The behaviour of companies should be regulated by the Companies Act, and that of their boards by the Corporate Governance Code. The behaviour of companies in a particular sector, such as investment, should be controlled in such detail as is necessary for that sector, by specific rules and regulations for authorised players in that industry sector.

If we look at a simplified statement of the Principles of the Stewardship Code 2020, and assess the extent to which they are addressed in the Companies Act 2006, the Corporate Governance Code 2018 and the AIC Code 2019, we see that pretty well everything is addressed in these three Codes. The only thing clearly missing is the exhortation, in Principles 10 and 11, to collaborate with other shareholders to bring pressure on investee companies.

The Table below summarises this comparison, and readers can look at our extract from the Codes, above, and make their own assessments.

Stewardship
Code
Companies Act
CG Code AIC Code
2020 2006 2018 2019
Purpose & governance
Principle 1
Culture delivers sustainable benefits for economy & ESG x x x
Principle 2
Governance, resources, incentives support stewardship x x
Principle 3
Conflicts of interest x
Principle 4
Manage  risks & promote well-functioning market x x
Principle 5
Review policies, processes to assure effectiveness x x
Principle 6
Take account of client needs and report back x x
Principle 7
Integrate stewardship, investment, ESG x x
Principle 8
Monitor and control managers and service providers x x
Principle 9
Engage with issuers x x
Principle 10
Collaborate engagement to influence issuers
Principle 11
Escalate activities to influence issuers
Principle 12
Actively exercise rights and responsibilities x x

So why is the Stewardship Code necessary at all?

Conclusions 

The sceptic would say that regulatory bureaucracy is getting out of control, and that Stewardship should now be absorbed into the Corporate Governance Code and Industry regulation. More specifically, Stewardship is surely one of the most important duties of the directors of a company created to look after investors’ funds. So it should be simply part of the duties covered by Corporate Governance and the Companies Act. Moreover, to include in Stewardship duties the task of furthering particular societal responsibilities, for instance, under the ESG heading, is to assume that investors have given their funds to that investment company with those specific aims in mind, which is not necessarily the case. These state-wide policies should not be included in a set of rules which are supposed to ensure that the agents of investors carry out the wishes of those investors. Why stop here? Climate change, alcohol, tobacco, weapons, the list is endless, and has nothing to do with Stewardship unless the terms of the fund specify this.

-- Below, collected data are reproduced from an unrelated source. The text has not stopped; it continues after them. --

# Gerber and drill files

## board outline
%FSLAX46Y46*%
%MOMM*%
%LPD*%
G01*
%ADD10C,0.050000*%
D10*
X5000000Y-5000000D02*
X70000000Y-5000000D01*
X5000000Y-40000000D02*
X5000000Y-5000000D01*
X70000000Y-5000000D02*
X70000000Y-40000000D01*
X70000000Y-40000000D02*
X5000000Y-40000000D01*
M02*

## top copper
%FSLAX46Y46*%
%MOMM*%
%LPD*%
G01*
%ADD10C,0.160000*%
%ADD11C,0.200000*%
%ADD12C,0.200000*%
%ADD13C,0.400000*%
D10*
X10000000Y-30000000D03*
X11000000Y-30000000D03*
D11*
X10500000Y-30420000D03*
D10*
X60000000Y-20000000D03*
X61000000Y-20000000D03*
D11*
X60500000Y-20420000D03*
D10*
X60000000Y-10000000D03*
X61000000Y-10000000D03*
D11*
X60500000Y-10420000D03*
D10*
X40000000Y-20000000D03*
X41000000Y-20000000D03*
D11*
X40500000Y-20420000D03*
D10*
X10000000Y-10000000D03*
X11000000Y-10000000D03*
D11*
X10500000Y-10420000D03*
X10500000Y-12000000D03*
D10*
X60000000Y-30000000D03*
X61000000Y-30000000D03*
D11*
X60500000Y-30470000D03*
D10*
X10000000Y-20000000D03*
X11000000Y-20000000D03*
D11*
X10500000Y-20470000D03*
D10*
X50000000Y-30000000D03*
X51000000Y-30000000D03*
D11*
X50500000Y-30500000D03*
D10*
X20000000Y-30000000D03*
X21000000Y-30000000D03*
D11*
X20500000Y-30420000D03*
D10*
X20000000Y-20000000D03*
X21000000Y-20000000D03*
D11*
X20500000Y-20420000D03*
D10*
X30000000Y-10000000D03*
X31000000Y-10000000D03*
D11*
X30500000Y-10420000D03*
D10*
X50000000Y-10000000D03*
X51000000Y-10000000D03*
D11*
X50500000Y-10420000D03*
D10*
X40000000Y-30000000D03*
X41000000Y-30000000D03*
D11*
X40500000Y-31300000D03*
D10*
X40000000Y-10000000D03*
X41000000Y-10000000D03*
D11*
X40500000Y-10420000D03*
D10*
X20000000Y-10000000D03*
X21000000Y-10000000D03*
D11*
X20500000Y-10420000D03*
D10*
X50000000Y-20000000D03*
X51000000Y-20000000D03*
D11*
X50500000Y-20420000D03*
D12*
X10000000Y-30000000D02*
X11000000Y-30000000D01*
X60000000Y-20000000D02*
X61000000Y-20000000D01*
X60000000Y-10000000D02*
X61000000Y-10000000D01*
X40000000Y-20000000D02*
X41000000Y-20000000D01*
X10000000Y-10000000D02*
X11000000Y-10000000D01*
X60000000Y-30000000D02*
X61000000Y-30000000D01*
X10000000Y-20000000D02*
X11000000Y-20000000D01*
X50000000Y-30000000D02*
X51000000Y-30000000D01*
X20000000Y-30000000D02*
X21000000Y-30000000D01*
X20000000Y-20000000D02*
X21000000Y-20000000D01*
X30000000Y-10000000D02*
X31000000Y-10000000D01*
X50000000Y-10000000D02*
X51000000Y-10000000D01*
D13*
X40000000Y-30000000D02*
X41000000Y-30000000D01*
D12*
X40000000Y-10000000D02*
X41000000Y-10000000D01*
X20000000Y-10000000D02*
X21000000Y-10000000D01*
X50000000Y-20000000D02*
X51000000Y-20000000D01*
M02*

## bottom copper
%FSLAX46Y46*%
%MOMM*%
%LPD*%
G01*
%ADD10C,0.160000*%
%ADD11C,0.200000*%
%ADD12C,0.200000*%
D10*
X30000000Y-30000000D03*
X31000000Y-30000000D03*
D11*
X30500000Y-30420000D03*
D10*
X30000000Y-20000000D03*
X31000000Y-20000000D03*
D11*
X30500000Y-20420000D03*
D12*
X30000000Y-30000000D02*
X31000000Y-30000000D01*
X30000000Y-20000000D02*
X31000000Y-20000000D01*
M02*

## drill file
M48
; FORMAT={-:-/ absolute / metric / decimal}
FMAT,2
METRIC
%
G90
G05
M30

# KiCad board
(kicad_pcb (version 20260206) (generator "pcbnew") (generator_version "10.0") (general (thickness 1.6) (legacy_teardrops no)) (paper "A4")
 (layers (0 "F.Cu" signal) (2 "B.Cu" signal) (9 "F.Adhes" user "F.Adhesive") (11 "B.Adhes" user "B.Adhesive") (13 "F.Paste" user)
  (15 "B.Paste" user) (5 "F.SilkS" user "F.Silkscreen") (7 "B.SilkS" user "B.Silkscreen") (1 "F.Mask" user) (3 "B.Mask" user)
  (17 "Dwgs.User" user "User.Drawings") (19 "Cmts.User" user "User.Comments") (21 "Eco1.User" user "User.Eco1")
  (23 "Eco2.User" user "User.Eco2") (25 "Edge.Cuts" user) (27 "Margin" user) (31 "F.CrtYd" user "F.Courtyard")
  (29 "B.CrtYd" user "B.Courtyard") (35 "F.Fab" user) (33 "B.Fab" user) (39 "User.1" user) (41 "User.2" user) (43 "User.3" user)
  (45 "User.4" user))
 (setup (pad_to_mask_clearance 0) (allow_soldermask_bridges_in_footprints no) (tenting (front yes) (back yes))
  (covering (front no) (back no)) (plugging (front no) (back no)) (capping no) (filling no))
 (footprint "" (layer "F.Cu") (at 10 30)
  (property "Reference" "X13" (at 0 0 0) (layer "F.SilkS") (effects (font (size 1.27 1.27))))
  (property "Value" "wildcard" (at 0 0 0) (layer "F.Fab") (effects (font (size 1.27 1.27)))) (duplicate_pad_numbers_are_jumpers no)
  (pad "1" smd circle (at 0 0) (size 0.16 0.16) (layers "F.Cu") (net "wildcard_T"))
  (pad "2" smd circle (at 1 0) (size 0.16 0.16) (layers "F.Cu") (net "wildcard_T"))
  (pad "3" smd circle (at 0.5 0.42) (size 0.2 0.2) (layers "F.Cu") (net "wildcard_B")))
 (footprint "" (layer "F.Cu") (at 60 20)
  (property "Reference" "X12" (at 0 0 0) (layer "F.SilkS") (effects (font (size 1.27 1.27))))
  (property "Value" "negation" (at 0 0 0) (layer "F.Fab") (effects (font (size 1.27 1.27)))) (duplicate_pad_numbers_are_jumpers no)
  (pad "1" smd circle (at 0 0) (size 0.16 0.16) (layers "F.Cu") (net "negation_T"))
  (pad "2" smd circle (at 1 0) (size 0.16 0.16) (layers "F.Cu") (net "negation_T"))
  (pad "3" smd circle (at 0.5 0.42) (size 0.2 0.2) (layers "F.Cu") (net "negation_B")))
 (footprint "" (layer "F.Cu") (at 60 10)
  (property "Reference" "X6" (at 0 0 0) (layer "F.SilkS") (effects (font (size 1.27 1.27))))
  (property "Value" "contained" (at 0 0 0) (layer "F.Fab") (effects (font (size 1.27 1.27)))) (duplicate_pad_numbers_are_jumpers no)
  (pad "1" smd circle (at 0 0) (size 0.16 0.16) (layers "F.Cu") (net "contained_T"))
  (pad "2" smd circle (at 1 0) (size 0.16 0.16) (layers "F.Cu") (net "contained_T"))
  (pad "3" smd circle (at 0.5 0.42) (size 0.2 0.2) (layers "F.Cu") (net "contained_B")))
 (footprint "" (layer "F.Cu") (at 40 20)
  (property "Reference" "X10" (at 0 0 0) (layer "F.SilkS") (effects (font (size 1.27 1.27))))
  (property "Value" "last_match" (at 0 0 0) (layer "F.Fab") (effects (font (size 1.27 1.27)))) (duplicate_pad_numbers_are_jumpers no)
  (pad "1" smd circle (at 0 0) (size 0.16 0.16) (layers "F.Cu") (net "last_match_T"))
  (pad "2" smd circle (at 1 0) (size 0.16 0.16) (layers "F.Cu") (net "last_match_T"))
  (pad "3" smd circle (at 0.5 0.42) (size 0.2 0.2) (layers "F.Cu") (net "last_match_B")))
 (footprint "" (layer "F.Cu") (at 10 10)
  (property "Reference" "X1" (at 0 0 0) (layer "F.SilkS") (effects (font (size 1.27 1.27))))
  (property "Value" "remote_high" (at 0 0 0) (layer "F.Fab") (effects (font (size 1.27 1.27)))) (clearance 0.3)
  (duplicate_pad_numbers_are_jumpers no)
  (pad "1" smd circle (at 0 0) (size 0.16 0.16) (layers "F.Cu") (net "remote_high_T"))
  (pad "2" smd circle (at 1 0) (size 0.16 0.16) (layers "F.Cu") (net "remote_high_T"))
  (pad "3" smd circle (at 0.5 0.42) (size 0.2 0.2) (layers "F.Cu") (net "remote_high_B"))
  (pad "4" smd circle (at 0.5 2) (size 0.2 0.2) (layers "F.Cu") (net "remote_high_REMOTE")))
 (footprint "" (layer "F.Cu") (at 60 30)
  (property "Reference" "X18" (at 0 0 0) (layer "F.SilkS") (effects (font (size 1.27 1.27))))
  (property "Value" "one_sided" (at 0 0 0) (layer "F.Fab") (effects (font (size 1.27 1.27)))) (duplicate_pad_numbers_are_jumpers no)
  (pad "1" smd circle (at 0 0) (size 0.16 0.16) (layers "F.Cu") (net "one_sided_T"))
  (pad "2" smd circle (at 1 0) (size 0.16 0.16) (layers "F.Cu") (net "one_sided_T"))
  (pad "3" smd circle (at 0.5 0.47) (size 0.2 0.2) (layers "F.Cu") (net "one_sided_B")))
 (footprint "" (layer "F.Cu") (at 10 20)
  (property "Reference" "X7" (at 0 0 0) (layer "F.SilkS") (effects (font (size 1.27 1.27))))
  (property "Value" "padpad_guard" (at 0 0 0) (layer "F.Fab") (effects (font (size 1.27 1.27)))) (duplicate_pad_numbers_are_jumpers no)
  (pad "1" smd circle (at 0 0) (size 0.16 0.16) (layers "F.Cu") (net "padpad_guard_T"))
  (pad "2" smd circle (at 1 0) (size 0.16 0.16) (layers "F.Cu") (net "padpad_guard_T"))
  (pad "3" smd circle (at 0.5 0.47) (size 0.2 0.2) (layers "F.Cu") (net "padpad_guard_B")))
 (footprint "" (layer "F.Cu") (at 50 30)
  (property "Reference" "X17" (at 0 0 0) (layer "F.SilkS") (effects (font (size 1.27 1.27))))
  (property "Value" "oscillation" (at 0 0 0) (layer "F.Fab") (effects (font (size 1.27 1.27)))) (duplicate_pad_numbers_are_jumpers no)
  (pad "1" smd circle (at 0 0) (size 0.16 0.16) (layers "F.Cu") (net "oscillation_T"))
  (pad "2" smd circle (at 1 0) (size 0.16 0.16) (layers "F.Cu") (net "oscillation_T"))
  (pad "3" smd circle (at 0.5 0.5) (size 0.2 0.2) (layers "F.Cu") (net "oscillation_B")))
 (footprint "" (layer "F.Cu") (at 20 30)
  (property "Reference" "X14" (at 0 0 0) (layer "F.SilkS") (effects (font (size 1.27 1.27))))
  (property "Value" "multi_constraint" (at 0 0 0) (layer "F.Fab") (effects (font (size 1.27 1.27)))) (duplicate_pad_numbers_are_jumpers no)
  (pad "1" smd circle (at 0 0) (size 0.16 0.16) (layers "F.Cu") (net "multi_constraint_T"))
  (pad "2" smd circle (at 1 0) (size 0.16 0.16) (layers "F.Cu") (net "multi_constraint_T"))
  (pad "3" smd circle (at 0.5 0.42) (size 0.2 0.2) (layers "F.Cu") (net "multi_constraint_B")))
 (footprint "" (layer "F.Cu") (at 30 30)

Worse, the Stewardship Code gets down to the level of telling companies to have appropriate organisations and staffing levels, and to look after their clients’ interests, and behave with integrity. If anything is going to produce boilerplate reporting and box-ticking, this surely will. And any company which fails to look after clients’ interests or has an unsuitable organisation or staffing, will not survive long. Similarly, holding managers and agents to account is simply good management. And if there are (justified) concerns about a well-functioning financial services industry, the Stewardship Code is not the place to deal with them holistically.

The difficulties of investment funds engaging in a useful way with hundreds of, often short term, investments present practical problems that we have referred to on many occasions, and to which the Code offers no acknowledgement, let alone solution. And as for prescribing collaboration and escalation of pressure, the expression “teaching grandmother to suck eggs” comes to mind.

Finally, reporting on exercising rights is likely to produce self-justifying boilerplate.

What to do about it

In brief: integrate the Stewardship Code into the Corporate Governance Code to the extent necessary, and similarly amend the AIC Code. Review the detailed regulations that apply to the financial service industry and the investment institutions in particular to see whether there is anything in the Stewardship Code that isn’t already covered, and ought to be, and remedy the omissions. Then scrap the Stewardship Code.